Paola Bardasi, direttore generale Ausl di Piacenza e coordinatore regionale Fiaso Emilia Romagna, sottolinea come “i dati in generale mostrino un incremento in questi ultimi 5 anni delle aggressioni verbali e fisiche nei confronti degli operatori sanitari, e non solo in alcuni servizi come il Pronto Soccorso e l’area psichiatrica, ma anche presso i Cup piuttosto che i poliambulatori. Quale è la risposta più efficace?  C’è un mosaico di soluzioni. Il mio punto di vista e quello di Fiaso – afferma – è che si debba operare da un lato con un’attività preventiva di messa in sicurezza dei luoghi di lavoro, grazie alla collaborazione con i coordinamenti istituzionali di ordine pubblico e le forze di polizia, e dall’altro, come direzioni strategiche, dobbiamo garantire un benessere organizzativo del luogo di lavoro, in modo che sia funzionale, rendendo migliore e più sostenibile l’attività lavorativa”.

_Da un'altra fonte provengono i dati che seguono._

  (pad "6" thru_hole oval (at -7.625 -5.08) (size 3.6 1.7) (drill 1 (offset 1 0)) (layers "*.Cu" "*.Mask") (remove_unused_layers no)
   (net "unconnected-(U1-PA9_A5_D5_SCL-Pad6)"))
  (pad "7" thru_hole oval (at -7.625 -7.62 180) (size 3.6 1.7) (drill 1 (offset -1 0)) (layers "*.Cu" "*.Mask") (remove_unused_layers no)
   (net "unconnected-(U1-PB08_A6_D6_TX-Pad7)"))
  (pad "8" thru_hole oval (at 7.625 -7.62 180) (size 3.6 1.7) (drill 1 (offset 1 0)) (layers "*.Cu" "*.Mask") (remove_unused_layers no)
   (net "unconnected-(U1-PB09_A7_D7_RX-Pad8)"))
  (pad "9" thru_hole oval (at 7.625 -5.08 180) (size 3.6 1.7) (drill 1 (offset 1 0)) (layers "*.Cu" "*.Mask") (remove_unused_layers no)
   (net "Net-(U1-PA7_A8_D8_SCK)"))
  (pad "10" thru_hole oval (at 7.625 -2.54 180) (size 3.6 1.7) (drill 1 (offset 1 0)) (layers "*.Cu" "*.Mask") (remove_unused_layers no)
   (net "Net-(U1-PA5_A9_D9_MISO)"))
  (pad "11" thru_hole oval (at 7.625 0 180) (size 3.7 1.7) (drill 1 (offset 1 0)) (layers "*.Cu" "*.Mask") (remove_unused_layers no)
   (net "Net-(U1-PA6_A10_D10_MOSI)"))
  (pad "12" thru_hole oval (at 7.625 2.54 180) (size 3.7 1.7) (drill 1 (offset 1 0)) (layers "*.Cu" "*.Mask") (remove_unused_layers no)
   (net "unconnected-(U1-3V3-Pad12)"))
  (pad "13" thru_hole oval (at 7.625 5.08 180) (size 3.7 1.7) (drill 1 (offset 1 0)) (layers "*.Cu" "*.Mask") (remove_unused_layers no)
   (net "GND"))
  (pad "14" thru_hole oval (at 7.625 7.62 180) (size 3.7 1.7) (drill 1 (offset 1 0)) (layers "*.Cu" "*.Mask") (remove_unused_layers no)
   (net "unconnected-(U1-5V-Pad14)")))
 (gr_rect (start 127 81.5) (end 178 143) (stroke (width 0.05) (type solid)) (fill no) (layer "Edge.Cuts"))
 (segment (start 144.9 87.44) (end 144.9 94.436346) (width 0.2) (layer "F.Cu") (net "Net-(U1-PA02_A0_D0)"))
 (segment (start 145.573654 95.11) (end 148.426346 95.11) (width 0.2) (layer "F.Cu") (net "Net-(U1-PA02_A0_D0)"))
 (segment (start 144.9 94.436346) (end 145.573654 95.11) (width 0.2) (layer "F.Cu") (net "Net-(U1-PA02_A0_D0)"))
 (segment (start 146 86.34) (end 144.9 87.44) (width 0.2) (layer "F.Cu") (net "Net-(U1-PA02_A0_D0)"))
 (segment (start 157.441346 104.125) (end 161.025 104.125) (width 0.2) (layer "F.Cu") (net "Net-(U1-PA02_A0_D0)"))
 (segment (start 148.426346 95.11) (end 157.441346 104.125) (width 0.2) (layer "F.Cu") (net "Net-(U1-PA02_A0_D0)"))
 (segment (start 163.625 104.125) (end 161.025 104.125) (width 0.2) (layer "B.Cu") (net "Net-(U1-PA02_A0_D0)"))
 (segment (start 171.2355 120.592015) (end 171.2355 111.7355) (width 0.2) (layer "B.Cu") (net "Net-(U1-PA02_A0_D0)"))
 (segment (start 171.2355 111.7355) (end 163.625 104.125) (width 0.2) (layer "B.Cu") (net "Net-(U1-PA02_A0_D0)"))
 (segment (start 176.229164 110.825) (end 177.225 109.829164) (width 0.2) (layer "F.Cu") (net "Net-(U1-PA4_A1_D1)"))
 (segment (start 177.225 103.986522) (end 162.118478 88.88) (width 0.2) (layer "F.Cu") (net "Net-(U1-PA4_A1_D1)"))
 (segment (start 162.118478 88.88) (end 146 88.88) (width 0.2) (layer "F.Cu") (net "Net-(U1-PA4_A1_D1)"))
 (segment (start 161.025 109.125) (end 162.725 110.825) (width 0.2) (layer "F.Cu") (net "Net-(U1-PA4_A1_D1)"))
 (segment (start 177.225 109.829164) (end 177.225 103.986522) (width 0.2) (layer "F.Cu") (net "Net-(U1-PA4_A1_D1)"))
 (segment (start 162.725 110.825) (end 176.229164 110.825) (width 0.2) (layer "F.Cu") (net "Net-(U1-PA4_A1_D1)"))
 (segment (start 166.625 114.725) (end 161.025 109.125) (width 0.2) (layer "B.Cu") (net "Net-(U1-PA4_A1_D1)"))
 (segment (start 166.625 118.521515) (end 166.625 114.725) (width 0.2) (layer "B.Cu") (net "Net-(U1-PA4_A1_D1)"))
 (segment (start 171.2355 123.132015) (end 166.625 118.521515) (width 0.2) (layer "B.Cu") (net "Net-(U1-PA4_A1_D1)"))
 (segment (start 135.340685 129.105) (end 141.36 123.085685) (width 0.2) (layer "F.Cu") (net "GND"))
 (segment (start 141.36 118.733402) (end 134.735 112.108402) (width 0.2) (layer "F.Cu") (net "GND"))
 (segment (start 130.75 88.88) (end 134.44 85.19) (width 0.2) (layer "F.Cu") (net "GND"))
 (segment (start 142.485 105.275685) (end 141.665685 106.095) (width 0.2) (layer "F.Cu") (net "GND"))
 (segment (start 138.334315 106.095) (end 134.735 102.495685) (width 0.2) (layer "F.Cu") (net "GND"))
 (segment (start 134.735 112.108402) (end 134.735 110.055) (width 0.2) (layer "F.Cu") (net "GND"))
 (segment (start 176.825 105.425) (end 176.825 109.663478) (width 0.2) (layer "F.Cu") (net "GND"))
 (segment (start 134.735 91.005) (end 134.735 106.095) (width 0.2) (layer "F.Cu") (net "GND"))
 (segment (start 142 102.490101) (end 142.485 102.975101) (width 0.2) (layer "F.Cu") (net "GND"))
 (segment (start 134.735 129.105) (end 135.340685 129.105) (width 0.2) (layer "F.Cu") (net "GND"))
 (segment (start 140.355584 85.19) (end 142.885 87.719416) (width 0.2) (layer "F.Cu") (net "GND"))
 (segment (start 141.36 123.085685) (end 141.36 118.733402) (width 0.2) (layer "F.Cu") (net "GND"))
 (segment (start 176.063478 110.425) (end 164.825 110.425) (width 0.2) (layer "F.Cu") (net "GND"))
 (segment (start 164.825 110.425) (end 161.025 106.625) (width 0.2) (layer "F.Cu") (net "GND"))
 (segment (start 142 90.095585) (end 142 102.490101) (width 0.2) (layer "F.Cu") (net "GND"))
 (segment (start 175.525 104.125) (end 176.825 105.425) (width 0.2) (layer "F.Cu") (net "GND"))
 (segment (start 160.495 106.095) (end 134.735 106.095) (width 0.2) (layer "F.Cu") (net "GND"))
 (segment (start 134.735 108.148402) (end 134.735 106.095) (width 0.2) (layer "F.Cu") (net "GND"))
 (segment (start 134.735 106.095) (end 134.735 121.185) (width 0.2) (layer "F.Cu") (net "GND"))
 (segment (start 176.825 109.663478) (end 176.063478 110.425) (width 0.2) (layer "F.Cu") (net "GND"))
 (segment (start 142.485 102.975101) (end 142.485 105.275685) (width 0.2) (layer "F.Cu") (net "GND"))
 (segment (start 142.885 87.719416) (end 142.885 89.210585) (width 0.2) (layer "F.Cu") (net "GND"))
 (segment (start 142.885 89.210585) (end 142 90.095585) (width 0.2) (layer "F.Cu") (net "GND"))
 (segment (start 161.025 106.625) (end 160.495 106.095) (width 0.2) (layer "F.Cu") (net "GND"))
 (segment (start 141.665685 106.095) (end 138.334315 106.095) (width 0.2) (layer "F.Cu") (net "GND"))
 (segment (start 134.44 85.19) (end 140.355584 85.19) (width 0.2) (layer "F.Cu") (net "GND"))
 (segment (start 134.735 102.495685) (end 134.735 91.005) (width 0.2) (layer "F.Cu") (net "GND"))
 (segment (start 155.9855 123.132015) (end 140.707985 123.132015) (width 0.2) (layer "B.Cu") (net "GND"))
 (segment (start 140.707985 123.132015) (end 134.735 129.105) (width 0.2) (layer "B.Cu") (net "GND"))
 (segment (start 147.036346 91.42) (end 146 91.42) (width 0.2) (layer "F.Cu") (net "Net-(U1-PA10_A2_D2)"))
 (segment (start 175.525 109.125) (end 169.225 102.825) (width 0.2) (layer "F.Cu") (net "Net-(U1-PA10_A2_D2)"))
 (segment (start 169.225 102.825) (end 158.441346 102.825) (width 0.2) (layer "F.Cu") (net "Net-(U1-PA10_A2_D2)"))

Il direttore sanitario dell’Ausl, Andrea Magnacavallo è stato per 13 anni direttore del Pronto soccorso della medicina d’urgenza, una zona particolarmente ‘calda’ sul fronte della conflittualità. “Gli operatori sanitari sono 5 volte più a rischio aggressioni, rispetto ad altri comparti lavorativi, e ciò è dovuto proprio al tipo di lavoro che svolgono – osserva -. Produciamo salute e la salute passa attraverso le relazioni, che possono essere disfunzionanti e da lì può nascere il conflitto. E’ un team complesso, altrimenti una soluzione sarebbe già stata trovata. Ma ora è arrivato il momento della tolleranza zero. L’aggressione nei confronti del personale sanitario pone un problema di salute, nei confronti degli stessi operatori, delle aziende, di spese sanitarie e sociali che non ci possiamo più permettere”.

Franco Pugliese, già direttore del dipartimento della Sicurezza Ausl di Piacenza, parla di una trentina di episodi avvenuti a Piacenza nell’ultimo anno. “Spesso le aggressioni partono non tanto dai pazienti, quanto dai loro familiari – osserva -, che sono preoccupati”. Spesso ad innescare questi conflitti è il non riuscire a guarire il paziente. “Dalla delusione alla rabbia il passo è breve, dovuto al non poter accettare la sconfitta che a volte la malattia impone. A Piacenza la situazione non è gravissima, parliamo di una trentina di casi, a fronte di un contesto nazionale e internazionale che vede aumentare invece il fenomeno”.